Problem to work on>
Your response should be a copy of each line in the listing below that includes the word "Courtyard".

Given data>

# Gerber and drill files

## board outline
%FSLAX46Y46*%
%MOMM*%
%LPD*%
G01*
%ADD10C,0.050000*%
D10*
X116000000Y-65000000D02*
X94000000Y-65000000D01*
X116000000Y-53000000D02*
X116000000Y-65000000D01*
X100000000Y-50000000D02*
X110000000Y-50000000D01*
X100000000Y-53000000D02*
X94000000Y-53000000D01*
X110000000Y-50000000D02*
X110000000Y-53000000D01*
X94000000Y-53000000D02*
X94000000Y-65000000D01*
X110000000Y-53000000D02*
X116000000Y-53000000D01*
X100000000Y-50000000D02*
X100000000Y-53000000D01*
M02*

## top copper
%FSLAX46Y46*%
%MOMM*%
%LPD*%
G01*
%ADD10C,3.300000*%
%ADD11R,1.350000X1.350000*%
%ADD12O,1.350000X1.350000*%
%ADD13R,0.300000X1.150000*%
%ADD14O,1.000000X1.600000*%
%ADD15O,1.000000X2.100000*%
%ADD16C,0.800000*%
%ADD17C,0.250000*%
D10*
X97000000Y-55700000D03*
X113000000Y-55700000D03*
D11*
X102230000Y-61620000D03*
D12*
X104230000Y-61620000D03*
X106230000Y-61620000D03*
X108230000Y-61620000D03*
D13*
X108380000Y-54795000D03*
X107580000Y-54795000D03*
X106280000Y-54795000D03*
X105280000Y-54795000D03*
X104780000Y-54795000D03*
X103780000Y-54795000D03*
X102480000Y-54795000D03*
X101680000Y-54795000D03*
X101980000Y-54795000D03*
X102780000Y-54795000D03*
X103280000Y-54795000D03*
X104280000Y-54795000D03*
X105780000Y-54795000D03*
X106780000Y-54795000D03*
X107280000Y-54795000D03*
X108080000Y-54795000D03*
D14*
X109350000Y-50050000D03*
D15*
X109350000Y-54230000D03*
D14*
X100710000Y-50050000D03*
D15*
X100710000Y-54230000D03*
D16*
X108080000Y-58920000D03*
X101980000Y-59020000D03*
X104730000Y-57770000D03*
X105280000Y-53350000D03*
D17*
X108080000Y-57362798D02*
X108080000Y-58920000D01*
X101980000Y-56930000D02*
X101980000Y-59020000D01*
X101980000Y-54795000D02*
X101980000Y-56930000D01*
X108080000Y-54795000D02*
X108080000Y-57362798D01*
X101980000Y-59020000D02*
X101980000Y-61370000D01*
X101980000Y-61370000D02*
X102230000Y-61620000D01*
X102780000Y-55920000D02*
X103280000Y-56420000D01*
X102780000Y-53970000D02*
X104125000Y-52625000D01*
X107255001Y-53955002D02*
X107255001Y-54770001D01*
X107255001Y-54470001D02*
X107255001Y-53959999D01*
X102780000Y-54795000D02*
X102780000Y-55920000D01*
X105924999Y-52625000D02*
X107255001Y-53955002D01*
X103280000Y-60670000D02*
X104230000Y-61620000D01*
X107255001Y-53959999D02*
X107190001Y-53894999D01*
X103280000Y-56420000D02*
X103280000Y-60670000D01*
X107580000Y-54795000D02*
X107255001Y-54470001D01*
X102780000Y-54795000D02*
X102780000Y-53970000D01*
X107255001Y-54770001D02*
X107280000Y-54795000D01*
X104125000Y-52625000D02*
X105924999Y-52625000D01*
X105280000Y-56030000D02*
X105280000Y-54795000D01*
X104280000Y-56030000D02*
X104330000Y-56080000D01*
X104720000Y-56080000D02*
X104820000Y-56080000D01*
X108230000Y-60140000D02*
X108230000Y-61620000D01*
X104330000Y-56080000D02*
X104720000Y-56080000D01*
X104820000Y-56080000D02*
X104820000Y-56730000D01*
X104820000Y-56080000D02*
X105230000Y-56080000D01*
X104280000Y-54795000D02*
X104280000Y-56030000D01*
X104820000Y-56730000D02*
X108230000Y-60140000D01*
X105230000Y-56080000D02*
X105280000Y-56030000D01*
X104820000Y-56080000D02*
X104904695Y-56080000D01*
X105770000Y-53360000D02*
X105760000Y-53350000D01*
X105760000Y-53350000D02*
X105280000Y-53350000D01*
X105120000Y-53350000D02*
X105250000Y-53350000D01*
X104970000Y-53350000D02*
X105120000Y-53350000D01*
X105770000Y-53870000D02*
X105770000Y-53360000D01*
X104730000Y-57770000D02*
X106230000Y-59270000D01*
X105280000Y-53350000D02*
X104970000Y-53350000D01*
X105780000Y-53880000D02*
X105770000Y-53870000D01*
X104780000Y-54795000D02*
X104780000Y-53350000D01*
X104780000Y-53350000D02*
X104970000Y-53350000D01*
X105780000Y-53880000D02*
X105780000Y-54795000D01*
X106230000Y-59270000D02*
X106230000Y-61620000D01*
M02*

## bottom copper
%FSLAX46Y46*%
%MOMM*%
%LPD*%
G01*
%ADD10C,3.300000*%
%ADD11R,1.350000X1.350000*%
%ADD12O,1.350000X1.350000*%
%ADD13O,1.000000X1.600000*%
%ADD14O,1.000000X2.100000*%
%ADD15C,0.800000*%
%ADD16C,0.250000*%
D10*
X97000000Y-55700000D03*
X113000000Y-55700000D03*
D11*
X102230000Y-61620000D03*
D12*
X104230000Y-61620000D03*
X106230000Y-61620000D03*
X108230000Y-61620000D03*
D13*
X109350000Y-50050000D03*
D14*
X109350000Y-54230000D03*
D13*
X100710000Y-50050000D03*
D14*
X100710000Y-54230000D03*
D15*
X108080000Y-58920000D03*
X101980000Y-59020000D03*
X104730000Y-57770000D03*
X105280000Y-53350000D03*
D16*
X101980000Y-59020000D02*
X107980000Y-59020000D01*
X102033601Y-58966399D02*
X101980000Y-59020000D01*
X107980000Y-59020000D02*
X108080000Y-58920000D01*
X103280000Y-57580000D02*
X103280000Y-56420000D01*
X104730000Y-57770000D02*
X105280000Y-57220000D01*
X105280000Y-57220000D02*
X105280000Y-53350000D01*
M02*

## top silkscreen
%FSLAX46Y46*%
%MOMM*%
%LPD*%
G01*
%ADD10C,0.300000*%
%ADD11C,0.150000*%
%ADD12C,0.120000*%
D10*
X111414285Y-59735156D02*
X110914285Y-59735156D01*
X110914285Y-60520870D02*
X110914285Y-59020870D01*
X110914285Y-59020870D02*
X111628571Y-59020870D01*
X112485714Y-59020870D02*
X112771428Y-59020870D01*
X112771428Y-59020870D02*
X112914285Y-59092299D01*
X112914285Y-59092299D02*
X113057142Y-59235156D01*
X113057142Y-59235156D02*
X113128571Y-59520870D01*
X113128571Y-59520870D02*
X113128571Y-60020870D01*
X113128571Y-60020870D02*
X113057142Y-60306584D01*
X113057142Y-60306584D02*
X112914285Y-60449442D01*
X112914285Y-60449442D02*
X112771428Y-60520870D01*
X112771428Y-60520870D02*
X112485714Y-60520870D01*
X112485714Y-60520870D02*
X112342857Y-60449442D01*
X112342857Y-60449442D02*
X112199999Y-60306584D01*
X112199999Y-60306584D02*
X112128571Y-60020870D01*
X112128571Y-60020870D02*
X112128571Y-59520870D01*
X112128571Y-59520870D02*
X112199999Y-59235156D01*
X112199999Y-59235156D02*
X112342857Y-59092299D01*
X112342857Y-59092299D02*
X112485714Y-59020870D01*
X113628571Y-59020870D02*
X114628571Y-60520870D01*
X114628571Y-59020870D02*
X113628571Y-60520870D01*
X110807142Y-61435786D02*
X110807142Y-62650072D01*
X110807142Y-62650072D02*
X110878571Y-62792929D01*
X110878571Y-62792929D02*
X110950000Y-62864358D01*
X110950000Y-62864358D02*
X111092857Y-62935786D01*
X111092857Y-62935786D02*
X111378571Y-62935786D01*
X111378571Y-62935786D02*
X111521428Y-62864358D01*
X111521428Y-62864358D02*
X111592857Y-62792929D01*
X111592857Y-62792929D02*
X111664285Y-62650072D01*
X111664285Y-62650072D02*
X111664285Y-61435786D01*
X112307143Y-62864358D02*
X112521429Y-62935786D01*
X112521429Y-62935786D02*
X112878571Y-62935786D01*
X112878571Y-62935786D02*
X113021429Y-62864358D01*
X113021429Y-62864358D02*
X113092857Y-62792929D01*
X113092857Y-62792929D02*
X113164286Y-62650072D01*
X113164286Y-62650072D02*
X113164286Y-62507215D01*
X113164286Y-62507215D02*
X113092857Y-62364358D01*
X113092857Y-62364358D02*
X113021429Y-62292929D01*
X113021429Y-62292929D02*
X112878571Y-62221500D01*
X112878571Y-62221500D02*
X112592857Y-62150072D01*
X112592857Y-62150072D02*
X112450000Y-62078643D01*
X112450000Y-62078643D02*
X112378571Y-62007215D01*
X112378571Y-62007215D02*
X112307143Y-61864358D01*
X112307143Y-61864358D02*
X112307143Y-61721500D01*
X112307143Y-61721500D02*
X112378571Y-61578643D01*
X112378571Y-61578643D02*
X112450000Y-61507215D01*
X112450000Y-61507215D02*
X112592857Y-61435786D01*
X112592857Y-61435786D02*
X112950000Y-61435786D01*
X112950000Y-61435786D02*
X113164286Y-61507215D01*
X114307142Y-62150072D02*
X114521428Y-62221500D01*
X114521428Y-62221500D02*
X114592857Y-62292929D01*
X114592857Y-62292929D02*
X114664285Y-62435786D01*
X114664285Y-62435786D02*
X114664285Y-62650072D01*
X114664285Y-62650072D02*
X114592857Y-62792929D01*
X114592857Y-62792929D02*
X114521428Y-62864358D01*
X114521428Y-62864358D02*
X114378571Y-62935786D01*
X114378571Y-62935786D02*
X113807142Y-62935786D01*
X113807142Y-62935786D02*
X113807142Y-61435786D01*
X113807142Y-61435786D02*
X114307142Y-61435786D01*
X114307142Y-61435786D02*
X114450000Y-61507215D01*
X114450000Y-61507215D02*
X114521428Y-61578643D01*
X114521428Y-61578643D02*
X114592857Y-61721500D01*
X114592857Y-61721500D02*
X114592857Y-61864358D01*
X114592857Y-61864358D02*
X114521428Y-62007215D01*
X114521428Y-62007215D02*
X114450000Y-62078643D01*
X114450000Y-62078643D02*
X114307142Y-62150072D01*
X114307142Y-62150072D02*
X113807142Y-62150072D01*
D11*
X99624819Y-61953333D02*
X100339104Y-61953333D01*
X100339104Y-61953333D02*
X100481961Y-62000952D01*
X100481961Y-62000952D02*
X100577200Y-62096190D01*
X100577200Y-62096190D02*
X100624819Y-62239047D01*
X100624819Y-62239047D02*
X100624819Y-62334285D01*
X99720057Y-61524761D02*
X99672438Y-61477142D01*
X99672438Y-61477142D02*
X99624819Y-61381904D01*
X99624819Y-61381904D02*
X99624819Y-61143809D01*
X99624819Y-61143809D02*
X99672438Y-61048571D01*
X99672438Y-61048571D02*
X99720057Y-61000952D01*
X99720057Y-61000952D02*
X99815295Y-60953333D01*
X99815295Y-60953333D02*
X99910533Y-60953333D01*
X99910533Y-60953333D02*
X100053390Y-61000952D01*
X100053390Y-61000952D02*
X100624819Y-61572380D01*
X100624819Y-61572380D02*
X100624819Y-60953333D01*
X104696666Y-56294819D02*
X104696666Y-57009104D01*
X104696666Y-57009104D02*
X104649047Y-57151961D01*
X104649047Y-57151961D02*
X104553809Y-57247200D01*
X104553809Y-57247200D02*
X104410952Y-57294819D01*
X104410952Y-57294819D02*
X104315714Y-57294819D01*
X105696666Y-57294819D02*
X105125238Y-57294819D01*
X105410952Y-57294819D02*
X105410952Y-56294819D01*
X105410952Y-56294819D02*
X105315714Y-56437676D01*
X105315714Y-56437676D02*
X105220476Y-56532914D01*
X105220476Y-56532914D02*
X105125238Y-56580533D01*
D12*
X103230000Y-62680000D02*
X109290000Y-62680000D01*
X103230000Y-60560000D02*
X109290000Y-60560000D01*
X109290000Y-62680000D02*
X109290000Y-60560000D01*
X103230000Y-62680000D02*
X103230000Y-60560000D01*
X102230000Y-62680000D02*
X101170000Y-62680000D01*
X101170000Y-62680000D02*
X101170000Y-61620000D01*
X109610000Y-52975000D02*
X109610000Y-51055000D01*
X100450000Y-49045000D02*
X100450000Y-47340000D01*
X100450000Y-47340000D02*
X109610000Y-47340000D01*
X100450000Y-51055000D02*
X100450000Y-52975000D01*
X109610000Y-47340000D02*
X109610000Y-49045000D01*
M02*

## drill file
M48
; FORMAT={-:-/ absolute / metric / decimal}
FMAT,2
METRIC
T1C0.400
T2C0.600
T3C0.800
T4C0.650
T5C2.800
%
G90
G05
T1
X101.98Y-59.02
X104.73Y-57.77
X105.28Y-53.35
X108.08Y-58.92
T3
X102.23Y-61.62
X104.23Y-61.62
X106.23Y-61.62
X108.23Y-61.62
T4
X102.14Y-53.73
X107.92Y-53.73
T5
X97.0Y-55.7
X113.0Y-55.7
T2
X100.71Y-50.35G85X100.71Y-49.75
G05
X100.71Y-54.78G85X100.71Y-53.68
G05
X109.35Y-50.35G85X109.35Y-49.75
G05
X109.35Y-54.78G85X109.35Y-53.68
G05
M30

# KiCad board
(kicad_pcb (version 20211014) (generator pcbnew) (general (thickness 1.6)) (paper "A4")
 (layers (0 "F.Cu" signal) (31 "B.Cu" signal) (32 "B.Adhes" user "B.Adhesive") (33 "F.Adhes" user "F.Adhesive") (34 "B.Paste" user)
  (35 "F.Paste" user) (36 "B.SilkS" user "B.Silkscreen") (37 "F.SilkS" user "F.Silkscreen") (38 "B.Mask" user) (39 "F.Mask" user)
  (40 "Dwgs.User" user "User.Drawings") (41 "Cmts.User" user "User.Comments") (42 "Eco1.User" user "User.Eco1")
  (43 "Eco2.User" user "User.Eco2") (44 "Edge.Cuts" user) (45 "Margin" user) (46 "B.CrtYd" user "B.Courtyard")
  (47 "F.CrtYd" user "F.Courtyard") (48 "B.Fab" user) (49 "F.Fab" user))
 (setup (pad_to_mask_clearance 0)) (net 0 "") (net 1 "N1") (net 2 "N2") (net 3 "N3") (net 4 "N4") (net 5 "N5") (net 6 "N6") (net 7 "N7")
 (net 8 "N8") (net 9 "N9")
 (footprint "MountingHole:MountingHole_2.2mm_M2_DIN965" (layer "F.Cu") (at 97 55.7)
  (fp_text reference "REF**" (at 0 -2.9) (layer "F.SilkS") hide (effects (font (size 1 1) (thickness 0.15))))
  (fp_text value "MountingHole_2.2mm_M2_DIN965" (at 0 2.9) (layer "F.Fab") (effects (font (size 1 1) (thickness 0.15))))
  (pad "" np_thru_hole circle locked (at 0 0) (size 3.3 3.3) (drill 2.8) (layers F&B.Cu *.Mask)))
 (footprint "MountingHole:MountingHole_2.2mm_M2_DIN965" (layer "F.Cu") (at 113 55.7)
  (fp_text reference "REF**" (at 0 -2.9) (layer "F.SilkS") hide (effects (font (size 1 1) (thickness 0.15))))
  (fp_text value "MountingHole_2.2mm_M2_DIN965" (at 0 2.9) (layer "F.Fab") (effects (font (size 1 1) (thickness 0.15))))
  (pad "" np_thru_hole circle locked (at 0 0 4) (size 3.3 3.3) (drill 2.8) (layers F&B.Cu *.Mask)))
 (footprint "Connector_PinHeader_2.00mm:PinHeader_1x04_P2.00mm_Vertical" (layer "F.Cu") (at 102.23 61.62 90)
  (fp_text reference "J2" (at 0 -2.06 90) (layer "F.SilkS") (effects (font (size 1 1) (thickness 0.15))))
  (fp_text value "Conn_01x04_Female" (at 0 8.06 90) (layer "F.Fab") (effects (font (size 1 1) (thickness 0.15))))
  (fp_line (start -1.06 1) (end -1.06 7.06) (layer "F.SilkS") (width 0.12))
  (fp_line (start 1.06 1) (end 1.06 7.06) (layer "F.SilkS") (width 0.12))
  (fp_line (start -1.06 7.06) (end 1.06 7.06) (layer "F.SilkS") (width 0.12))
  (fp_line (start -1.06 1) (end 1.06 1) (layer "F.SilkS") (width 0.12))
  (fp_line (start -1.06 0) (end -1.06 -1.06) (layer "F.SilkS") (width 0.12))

Task result>
  (43 "Eco2.User" user "User.Eco2") (44 "Edge.Cuts" user) (45 "Margin" user) (46 "B.CrtYd" user "B.Courtyard")
  (47 "F.CrtYd" user "F.Courtyard") (48 "B.Fab" user) (49 "F.Fab" user))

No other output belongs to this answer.